O conceito de pensão alimentícia está diretamente ligado a ideia de promoção da dignidade da pessoa humana, já prevista pela Constituição Federal de 1988, tendo em vista que será materializado quando um dos membros da família não conseguir promover seu próprio sustento e esse for promovido por outro membro.

O artigo 1.920 do código civil  traz as bases das regras desse instituto, estabelecendo: “O legado de alimentos abrange o sustento, a cura, o vestuário e a casa, enquanto o legatário de viver, além da educação, se ele for menor”. Em outras palavras, enquanto for necessário o parente irá garantir ao outro a assistência de suas necessidades básicas. Sendo importante destacar que o direito de receber alimentos não está restrito ao menor, mas aquele que necessita, como o idoso, o desempregado, ou o que esteja em qualquer situação permanente ou temporária que o coloque como necessitado.

Quando existe uma ação de alimentos, ou seja, uma demanda judicial, o juiz deve analisar a situação a partir da necessidade e da possibilidade, assim o pagamento será de acordo com o que precisa o necessitado e com que pode pagar o devedor sem comprometer a sua condição social.

A lei 5.478/68  é conhecida como lei de alimentos e versa o processamento e sistemática dos alimentos.
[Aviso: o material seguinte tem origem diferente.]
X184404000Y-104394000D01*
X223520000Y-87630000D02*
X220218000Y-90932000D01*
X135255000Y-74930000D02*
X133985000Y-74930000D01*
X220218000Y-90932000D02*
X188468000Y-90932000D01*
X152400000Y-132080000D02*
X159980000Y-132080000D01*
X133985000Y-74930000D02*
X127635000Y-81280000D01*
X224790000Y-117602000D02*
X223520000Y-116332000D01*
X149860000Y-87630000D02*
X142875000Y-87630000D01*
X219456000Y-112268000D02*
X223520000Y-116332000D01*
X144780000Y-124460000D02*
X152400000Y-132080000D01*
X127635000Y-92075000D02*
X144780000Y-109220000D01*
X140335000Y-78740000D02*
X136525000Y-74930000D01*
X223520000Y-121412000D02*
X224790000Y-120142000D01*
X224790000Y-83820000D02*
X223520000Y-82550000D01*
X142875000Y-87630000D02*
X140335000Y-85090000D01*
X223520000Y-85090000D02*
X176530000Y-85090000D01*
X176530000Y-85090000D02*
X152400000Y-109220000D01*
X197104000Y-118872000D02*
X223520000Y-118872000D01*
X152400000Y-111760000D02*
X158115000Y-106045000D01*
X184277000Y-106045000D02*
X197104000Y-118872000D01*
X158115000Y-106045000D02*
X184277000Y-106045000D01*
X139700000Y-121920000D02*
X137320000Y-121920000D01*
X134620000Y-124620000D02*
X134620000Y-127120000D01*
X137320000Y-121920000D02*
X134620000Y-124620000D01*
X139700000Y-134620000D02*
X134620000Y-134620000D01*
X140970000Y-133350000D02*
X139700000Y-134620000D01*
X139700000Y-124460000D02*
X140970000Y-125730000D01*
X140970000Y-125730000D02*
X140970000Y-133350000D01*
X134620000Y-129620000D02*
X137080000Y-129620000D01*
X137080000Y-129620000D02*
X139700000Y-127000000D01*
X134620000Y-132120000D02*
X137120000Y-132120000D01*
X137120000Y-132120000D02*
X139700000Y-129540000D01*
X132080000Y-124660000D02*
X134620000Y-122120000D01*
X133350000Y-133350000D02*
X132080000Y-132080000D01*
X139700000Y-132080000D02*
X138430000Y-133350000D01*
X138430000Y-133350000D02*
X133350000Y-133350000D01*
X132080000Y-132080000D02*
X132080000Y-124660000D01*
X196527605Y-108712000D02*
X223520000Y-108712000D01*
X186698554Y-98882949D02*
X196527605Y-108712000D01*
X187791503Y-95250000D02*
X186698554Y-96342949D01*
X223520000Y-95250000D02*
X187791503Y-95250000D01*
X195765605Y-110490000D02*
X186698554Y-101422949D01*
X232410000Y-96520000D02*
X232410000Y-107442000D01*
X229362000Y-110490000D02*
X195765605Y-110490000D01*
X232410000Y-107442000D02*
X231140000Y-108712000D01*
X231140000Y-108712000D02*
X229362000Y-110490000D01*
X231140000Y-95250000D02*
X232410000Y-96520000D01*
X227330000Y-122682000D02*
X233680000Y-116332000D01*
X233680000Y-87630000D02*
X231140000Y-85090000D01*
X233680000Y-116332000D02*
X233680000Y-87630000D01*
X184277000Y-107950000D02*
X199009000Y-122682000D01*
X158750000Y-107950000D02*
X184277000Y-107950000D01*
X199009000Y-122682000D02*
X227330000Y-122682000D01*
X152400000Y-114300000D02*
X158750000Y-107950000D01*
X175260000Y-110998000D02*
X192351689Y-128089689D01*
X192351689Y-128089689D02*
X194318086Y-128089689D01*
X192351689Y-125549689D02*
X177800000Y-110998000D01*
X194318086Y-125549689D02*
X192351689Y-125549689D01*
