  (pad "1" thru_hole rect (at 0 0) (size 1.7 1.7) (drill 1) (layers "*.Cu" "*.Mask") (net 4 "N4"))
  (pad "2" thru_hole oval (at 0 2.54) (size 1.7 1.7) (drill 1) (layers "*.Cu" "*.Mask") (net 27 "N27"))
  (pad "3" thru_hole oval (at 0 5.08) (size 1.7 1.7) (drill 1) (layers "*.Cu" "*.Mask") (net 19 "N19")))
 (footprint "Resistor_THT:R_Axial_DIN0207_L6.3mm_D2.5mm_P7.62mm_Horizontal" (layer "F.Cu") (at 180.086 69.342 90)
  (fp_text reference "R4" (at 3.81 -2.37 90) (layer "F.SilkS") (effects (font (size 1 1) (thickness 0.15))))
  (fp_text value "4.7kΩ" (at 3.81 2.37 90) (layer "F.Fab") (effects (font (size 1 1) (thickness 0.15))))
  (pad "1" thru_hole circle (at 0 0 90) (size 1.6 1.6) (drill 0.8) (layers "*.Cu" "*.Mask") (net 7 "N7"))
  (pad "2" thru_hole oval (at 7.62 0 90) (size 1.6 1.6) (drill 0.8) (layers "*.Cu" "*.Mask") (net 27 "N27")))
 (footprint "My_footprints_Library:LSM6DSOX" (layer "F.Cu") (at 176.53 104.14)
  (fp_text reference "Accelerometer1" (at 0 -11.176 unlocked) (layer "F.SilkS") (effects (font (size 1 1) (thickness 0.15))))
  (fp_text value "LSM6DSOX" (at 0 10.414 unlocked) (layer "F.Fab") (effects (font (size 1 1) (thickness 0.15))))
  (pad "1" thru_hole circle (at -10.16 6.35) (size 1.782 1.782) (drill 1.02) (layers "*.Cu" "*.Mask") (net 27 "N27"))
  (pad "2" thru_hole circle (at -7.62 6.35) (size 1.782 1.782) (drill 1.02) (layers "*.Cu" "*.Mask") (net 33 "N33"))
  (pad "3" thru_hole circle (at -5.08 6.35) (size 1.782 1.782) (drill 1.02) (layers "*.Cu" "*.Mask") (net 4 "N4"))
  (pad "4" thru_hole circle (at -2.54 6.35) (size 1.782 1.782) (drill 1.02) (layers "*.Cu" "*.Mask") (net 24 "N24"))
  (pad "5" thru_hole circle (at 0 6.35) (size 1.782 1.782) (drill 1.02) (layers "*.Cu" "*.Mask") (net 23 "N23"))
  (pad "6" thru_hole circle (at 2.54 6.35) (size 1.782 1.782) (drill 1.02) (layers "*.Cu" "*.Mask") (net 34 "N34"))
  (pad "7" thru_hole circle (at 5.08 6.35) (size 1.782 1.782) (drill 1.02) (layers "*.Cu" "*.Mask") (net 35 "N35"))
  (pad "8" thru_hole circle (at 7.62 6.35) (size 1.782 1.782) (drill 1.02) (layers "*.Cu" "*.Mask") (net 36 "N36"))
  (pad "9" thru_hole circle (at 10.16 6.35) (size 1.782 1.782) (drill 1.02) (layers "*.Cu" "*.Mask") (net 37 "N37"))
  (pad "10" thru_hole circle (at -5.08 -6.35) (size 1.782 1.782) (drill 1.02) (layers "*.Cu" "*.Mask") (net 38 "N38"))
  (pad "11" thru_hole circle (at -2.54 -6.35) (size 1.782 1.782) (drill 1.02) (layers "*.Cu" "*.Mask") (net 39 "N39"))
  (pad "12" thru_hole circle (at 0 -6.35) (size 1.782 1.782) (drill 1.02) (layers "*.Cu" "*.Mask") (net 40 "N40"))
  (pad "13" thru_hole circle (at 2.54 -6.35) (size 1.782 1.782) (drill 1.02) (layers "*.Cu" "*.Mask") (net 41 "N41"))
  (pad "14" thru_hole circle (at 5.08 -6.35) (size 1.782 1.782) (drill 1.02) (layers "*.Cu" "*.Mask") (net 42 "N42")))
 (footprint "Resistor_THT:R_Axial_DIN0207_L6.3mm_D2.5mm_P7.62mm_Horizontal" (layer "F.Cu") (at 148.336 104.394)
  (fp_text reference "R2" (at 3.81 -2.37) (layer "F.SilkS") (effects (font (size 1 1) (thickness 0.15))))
Em seu Art. 1º inciso 2 estabelece que será concedida a justiça gratuita, a parte que não estiver em condições de arcar com as custas processuais sem prejuízo do seu próprio sustento.

Como ocorre o processamento da ação?

Inicialmente o credor de pensão deve se dirigir ao juízo, pessoalmente ou por meio de um advogado, qualificando-se (indicando: nome e sobrenome, residência ou local de trabalho, profissão e naturalidade, quanto ganha aproximadamente ou os recursos de que dispõe) e expondo suas necessidades, ainda deve comprovar o grau de parentesco ou o porquê aquela pessoa deve estar obrigada a pagar a pensão.

  • Desde que exista as comprovações citadas a cima, dispensa-se inicialmente a produção de provas;
  • Se o credor se apresentar pessoalmente o juiz deve designar alguém para representa-lo;

Quando despachar o pedido o juiz concederá alimentos provisórios, exceto se o pedinte declarar que não necessita deles. Assim será marcada audiência de conciliação e julgamento em que devem estar presentes ambas as partes, o não comparecimento do autor implica em arquivamento do pedido e o não comparecimento do réu implica em revelia (parte não se posicionou no processo e por hora os pontos alegados na inicial são considerados verdade). Nessa audiência o juiz ouvira ambas as partes e o ministério público com propostas de acordo, se houver a conciliação tudo será protocolado nos autos e deferido pelo juiz, se não o mesmo ouvira individualmente as partes e analisara as provas ali apresentadas e dará uma sentença. Sendo importante destacar que a sentença que versa sobre alimentos não transita em julgado, podendo a qualquer tempo ser revista caso mude a necessidade e possibilidade das partes.

A prisão civil do devedor de alimentos 

No Brasil o único caso de prisão civil é do devedor de alimentos, assim dentro da ação de execução, quando ocorrer o não pagamento de três parcelas dessa dívida, poderá ser o devedor preso até que seja efetuado o pagamento. Nessa situação não podem ser cobrados débitos anteriores aos 3 meses para que o devedor seja solto.